LA PAPOLATRIA SECONDO ANGELO BECCIU? MULTIFORME

LA PAPOLATRIA SECONDO ANGELO BECCIU? MULTIFORME – di GIUSEPPE RUSCONI – www.rossoporpora.org – 19 giugno 2017

 

Presentato lunedì 19 giugno nella Biblioteca del Senato “Francesco, il papa americano”, un volume della UTET ‘Grandi Opere’: introdotto da Giovanni Maria Vian, è scritto da Silvina Perez e Lucetta Scaraffia e illustrato dal noto artista Giuliano Vangi. All’ampio e interessante intervento dell’arcivescovo Angelo Becciu hanno fatto seguito le considerazioni di Luciano Violante (già presidente della Camera dei deputati) e di Luigi Zanda (capogruppo del Pd al Senato, molto amato dal catto-fluido ‘Avvenire’).

In questi giorni di argomenti su cui esercitare la riflessione non ne mancano proprio: dalle nomine dei membri della Pontificia accademia per la Vita (che testimoniano – a dispetto dell’intervento dei mazzarini di turno in funzione di pompieri – di uno sbriciolarsi catto-fluido di un altro valore non negoziabile come quello della difesa della vita dal concepimento alla sua fine naturale) al tristissimo caso, purtroppo tremendamente emblematico di una deriva statuale di tipo eugenetico, sviluppatosi attorno al piccolo Charlie Gard, un bambino inglese di dieci mesi affetto da una malattia genetica molto rara (i medici hanno deciso di eliminarlo, contro la volontà dei genitori; si è in attesa dell’imminente sentenza della Corte europea dei diritti dell’uomo).

Sarebbe anche utile riflettere sulla manifestazione di diverse associazioni legate al ‘Family Day’ che sabato 17 giugno, con un caldo torrido, ha radunato centinaia di famiglie – indignate contro il persistente e crescente diffondersi nelle scuole pubbliche dell’imposizione della famigerata ideologia gender - davanti al Ministero dell’Istruzione, della Ricerca e dell’Università.

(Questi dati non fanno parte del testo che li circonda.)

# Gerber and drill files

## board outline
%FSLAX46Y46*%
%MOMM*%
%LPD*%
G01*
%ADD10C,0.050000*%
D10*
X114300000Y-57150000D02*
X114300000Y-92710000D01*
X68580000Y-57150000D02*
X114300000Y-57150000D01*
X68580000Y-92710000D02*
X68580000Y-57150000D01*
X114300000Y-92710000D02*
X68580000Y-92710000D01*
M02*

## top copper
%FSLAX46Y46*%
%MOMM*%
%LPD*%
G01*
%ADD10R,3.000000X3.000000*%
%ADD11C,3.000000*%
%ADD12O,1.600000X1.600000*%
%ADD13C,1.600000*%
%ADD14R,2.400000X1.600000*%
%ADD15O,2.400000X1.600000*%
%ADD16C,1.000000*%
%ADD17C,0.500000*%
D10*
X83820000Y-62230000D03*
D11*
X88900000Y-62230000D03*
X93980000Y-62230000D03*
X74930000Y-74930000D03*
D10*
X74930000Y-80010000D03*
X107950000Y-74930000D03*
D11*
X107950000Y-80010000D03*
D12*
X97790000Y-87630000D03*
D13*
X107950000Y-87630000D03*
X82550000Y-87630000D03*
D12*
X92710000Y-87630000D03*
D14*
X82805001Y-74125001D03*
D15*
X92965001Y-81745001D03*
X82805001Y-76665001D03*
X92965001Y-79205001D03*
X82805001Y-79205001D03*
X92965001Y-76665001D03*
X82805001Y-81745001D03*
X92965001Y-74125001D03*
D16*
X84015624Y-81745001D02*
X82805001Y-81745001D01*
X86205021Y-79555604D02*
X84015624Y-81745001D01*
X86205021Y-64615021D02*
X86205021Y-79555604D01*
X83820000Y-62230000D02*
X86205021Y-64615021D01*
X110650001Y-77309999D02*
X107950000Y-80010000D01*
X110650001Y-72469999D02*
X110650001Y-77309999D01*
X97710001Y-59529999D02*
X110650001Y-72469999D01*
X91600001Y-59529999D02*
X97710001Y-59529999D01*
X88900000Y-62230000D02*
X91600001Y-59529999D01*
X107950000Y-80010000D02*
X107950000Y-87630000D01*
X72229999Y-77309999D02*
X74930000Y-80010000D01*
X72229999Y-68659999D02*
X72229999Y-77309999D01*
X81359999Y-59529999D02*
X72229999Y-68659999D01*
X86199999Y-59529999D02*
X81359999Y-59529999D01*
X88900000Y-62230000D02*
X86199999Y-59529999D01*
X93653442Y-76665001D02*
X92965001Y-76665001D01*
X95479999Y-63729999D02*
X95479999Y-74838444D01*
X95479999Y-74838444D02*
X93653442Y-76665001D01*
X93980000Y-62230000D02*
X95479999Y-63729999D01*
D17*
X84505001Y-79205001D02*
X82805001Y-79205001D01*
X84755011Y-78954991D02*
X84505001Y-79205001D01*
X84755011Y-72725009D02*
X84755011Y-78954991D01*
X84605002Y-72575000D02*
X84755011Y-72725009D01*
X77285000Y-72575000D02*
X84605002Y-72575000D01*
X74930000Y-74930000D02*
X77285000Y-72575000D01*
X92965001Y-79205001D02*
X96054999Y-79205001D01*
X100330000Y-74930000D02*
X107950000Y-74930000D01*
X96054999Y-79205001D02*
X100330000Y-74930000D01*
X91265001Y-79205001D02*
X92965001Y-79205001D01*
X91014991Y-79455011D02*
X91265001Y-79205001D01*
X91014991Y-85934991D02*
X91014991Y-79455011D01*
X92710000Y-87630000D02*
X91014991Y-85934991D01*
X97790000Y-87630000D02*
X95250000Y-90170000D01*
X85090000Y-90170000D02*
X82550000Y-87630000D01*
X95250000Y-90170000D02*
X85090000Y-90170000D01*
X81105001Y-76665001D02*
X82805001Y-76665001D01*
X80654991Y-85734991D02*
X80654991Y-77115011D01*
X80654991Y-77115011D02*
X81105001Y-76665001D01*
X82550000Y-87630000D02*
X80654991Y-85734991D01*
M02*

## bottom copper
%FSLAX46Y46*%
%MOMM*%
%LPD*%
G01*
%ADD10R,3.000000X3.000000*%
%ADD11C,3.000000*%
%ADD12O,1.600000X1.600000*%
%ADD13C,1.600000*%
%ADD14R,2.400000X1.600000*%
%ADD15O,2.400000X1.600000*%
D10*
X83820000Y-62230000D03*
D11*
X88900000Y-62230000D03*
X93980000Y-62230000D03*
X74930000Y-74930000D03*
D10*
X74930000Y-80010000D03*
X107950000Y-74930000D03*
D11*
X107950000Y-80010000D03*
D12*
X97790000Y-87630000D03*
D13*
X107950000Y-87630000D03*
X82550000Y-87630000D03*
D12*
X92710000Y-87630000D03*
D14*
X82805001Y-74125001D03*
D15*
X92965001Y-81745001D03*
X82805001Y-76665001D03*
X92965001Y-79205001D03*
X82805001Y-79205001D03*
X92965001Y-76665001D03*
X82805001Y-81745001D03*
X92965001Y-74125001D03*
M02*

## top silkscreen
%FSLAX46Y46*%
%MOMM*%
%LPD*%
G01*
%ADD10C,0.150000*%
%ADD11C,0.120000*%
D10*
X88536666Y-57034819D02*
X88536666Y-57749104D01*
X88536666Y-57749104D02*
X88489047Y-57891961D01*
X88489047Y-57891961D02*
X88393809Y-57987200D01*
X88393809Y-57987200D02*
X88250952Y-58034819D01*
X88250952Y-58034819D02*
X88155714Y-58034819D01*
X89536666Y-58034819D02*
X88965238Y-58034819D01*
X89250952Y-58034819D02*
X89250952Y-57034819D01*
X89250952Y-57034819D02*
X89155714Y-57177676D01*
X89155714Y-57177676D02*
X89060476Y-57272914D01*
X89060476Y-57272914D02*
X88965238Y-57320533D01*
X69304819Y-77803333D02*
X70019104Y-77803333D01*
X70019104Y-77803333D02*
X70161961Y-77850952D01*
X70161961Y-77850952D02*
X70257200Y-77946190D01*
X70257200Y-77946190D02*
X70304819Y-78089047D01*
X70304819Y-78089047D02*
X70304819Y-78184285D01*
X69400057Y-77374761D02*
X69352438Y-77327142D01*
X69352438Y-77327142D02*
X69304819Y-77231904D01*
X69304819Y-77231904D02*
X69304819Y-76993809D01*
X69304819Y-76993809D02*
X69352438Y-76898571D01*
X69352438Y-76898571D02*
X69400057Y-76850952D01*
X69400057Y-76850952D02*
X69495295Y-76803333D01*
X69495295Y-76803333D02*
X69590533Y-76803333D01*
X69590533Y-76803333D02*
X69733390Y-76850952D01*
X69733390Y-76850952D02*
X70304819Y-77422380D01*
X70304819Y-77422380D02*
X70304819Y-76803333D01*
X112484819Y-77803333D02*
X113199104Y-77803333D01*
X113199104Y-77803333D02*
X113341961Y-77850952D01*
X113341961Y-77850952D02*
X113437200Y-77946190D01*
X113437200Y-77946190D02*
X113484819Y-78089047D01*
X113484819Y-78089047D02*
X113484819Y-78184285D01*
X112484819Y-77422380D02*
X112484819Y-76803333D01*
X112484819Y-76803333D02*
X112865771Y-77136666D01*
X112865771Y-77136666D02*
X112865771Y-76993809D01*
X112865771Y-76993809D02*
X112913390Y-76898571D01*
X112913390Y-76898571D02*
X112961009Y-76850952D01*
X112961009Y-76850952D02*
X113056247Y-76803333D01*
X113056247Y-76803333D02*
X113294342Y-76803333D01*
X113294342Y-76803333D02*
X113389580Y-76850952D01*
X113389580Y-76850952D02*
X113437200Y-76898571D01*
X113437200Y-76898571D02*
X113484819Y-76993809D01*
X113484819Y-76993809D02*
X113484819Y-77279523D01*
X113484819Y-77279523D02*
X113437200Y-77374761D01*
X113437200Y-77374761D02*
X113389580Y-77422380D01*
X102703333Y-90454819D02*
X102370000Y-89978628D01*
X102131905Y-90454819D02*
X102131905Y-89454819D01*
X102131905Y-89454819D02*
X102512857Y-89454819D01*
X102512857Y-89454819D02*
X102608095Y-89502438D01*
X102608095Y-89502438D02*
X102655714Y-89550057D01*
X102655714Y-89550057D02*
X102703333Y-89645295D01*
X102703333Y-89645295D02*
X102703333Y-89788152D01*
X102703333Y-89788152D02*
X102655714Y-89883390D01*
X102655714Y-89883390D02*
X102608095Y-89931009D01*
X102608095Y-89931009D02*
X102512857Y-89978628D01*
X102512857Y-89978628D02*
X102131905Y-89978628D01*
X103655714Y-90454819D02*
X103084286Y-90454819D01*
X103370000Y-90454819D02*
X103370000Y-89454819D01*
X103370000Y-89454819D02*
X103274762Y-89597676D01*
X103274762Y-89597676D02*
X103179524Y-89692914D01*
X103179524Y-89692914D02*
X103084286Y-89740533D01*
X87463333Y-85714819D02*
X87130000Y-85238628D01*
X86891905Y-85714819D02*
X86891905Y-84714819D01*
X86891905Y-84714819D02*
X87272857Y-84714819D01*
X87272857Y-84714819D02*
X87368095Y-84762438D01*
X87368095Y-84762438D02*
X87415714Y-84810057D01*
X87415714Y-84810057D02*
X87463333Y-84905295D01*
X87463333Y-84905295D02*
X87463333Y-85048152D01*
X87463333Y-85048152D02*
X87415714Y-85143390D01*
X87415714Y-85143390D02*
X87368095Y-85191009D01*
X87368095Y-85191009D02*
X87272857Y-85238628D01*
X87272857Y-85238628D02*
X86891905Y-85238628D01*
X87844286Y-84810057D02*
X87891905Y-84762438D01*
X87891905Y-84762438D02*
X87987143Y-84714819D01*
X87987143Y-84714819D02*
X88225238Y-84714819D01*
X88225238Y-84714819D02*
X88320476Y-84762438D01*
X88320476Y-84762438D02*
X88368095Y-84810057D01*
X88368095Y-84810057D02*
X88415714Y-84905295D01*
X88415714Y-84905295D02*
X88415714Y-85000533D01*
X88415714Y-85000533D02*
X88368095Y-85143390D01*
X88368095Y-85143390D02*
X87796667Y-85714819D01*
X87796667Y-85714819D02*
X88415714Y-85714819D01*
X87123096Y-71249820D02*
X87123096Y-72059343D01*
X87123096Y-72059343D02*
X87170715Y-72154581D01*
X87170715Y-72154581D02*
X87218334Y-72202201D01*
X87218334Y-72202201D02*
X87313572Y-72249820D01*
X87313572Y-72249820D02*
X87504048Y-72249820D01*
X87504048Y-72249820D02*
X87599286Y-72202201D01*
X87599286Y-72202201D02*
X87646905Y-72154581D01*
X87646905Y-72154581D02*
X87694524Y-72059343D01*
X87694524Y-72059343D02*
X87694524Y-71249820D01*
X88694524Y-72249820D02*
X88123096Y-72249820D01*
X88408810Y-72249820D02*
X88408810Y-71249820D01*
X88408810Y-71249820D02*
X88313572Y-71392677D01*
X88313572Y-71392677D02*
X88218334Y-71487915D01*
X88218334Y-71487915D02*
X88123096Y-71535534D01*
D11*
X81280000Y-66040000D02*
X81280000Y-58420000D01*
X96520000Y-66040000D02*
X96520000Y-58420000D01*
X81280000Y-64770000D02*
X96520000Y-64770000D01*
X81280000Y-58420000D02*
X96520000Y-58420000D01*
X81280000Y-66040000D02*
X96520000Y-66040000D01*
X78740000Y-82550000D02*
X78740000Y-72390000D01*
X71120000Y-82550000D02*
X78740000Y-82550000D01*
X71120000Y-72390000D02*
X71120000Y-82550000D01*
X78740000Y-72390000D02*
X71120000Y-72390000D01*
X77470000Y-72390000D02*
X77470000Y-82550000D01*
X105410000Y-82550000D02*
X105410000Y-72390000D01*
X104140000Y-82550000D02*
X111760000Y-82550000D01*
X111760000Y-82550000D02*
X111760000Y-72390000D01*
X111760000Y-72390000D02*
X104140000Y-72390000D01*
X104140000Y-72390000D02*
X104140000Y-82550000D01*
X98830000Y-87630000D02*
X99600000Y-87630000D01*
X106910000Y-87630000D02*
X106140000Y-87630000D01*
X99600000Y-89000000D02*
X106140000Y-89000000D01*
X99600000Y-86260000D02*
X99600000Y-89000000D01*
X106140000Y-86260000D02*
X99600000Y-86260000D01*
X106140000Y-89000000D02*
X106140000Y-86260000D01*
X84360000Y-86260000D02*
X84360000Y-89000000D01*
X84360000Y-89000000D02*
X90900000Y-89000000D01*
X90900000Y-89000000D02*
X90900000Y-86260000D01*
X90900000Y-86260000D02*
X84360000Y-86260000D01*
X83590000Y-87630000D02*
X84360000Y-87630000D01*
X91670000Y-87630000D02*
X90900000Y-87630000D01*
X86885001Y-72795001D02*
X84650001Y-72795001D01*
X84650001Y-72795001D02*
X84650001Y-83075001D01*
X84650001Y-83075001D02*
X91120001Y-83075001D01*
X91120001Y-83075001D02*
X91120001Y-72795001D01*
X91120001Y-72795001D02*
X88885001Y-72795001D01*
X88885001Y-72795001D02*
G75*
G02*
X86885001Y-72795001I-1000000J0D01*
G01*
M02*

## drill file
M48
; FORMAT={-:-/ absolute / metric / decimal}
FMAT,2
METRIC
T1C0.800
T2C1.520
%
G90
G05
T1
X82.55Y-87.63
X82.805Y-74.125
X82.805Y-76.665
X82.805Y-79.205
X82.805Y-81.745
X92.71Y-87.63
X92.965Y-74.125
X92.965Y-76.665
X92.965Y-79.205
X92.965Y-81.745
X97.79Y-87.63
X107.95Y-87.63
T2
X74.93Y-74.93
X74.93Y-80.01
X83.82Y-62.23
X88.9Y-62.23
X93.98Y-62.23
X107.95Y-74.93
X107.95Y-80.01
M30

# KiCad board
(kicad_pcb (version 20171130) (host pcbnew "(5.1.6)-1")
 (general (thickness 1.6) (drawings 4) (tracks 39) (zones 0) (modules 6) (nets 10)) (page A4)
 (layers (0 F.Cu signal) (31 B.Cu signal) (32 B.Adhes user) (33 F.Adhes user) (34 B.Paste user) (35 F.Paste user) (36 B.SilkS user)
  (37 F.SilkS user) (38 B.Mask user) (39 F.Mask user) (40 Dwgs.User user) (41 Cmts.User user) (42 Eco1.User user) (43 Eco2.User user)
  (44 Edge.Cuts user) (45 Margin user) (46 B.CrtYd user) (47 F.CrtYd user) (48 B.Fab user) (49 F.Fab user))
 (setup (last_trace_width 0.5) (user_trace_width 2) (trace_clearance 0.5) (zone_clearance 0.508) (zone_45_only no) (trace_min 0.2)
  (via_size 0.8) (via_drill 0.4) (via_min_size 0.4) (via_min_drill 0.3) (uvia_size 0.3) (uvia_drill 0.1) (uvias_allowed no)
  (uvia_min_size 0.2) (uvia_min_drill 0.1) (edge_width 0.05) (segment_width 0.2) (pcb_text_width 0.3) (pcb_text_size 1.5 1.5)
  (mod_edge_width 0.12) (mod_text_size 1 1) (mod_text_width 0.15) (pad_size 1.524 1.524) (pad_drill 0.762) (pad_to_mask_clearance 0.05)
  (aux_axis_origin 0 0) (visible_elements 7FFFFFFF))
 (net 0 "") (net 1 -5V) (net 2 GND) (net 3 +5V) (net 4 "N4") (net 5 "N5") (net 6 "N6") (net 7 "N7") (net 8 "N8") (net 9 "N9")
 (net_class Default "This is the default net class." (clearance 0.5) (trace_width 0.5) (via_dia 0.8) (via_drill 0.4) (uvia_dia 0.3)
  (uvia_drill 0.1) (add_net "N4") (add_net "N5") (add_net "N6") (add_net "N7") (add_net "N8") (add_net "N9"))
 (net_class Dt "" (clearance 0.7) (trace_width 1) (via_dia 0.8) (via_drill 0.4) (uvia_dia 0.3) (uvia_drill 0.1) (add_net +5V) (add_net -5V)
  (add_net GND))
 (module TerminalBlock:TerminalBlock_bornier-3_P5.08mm (layer F.Cu) (at 83.82 62.23)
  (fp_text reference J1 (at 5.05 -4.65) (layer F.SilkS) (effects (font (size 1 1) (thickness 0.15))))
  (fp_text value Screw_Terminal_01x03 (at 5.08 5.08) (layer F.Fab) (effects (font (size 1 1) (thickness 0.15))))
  (fp_line (start -2.54 3.81) (end -2.54 -3.81) (layer F.SilkS) (width 0.12))
  (fp_line (start 12.7 3.81) (end 12.7 -3.81) (layer F.SilkS) (width 0.12))
  (fp_line (start -2.54 2.54) (end 12.7 2.54) (layer F.SilkS) (width 0.12))
  (fp_line (start -2.54 -3.81) (end 12.7 -3.81) (layer F.SilkS) (width 0.12))
  (fp_line (start -2.54 3.81) (end 12.7 3.81) (layer F.SilkS) (width 0.12))
  (pad 1 thru_hole rect (at 0 0) (size 3 3) (drill 1.52) (layers *.Cu *.Mask) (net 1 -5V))
  (pad 2 thru_hole circle (at 5.08 0) (size 3 3) (drill 1.52) (layers *.Cu *.Mask) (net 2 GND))
  (pad 3 thru_hole circle (at 10.16 0) (size 3 3) (drill 1.52) (layers *.Cu *.Mask) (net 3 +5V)))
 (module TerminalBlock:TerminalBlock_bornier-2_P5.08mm (layer F.Cu) (at 74.93 80.01 90)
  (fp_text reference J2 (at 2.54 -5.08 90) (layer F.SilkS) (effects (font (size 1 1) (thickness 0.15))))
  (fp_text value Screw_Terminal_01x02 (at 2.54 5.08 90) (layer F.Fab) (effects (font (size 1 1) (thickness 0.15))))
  (fp_line (start -2.54 3.81) (end 7.62 3.81) (layer F.SilkS) (width 0.12))
  (fp_line (start -2.54 -3.81) (end -2.54 3.81) (layer F.SilkS) (width 0.12))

O anche ragionare sulla “gazzarra mediatica ignobile” scatenata da ‘Avvenire’ e dal suo nume tutelare Galantino in difesa di una legge sullo ius soli e sullo ‘ius culturae’  la cui discussione dovrebbe essere invece condotta “in modo molto serio” e non con procedure parlamentari golpistiche che de facto la impediscono. Purtroppo il segretario generale della Cei sta esacerbando gli animi di non pochi cattolici, che si trovano a condividere battaglie della ‘parte sbagliata’ e che potrebbero essere tentati dal negare quest’anno alla Chiesa l’8 per mille personale. C’è chi dice che Nunzio Galantino ha un brutto carattere, è fumantino e tutte queste sue continue intemperanze dovrebbero convincere chi di dovere a mandarlo a frequentare il primo anno della Pontificia Accademia ecclesiastica (quella che forma i diplomatici vaticani).

Veniamo allora alla presentazione del volume “Francesco, papa americano”: per chi c’era nella ‘Sala Giovanni Spadolini’ della Biblioteca del Senato è stata un’ora e mezzo assai interessante. Al tavolo dei relatori il presidente della UTET Grandi Opere Marco Castelluzzo (che ha porto un sostanzioso benvenuto), il Sostituto Segretario di Stato Angelo Becciu, il presidente emerito della Camera dei deputati Luciano Violante, il capogruppo piddino al Senato Luigi Zanda. In prima fila - assente per cause di forza maggiore l’artista Giuliano Vangi - oltre al cardinale Raffaele Farina e a Gianni Letta, le autrici Silvina Perez e Lucetta Scaraffia e il direttore de ‘L’Osservatore Romano’ Giovanni Maria Vian (che ha redatto l’introduzione al volume).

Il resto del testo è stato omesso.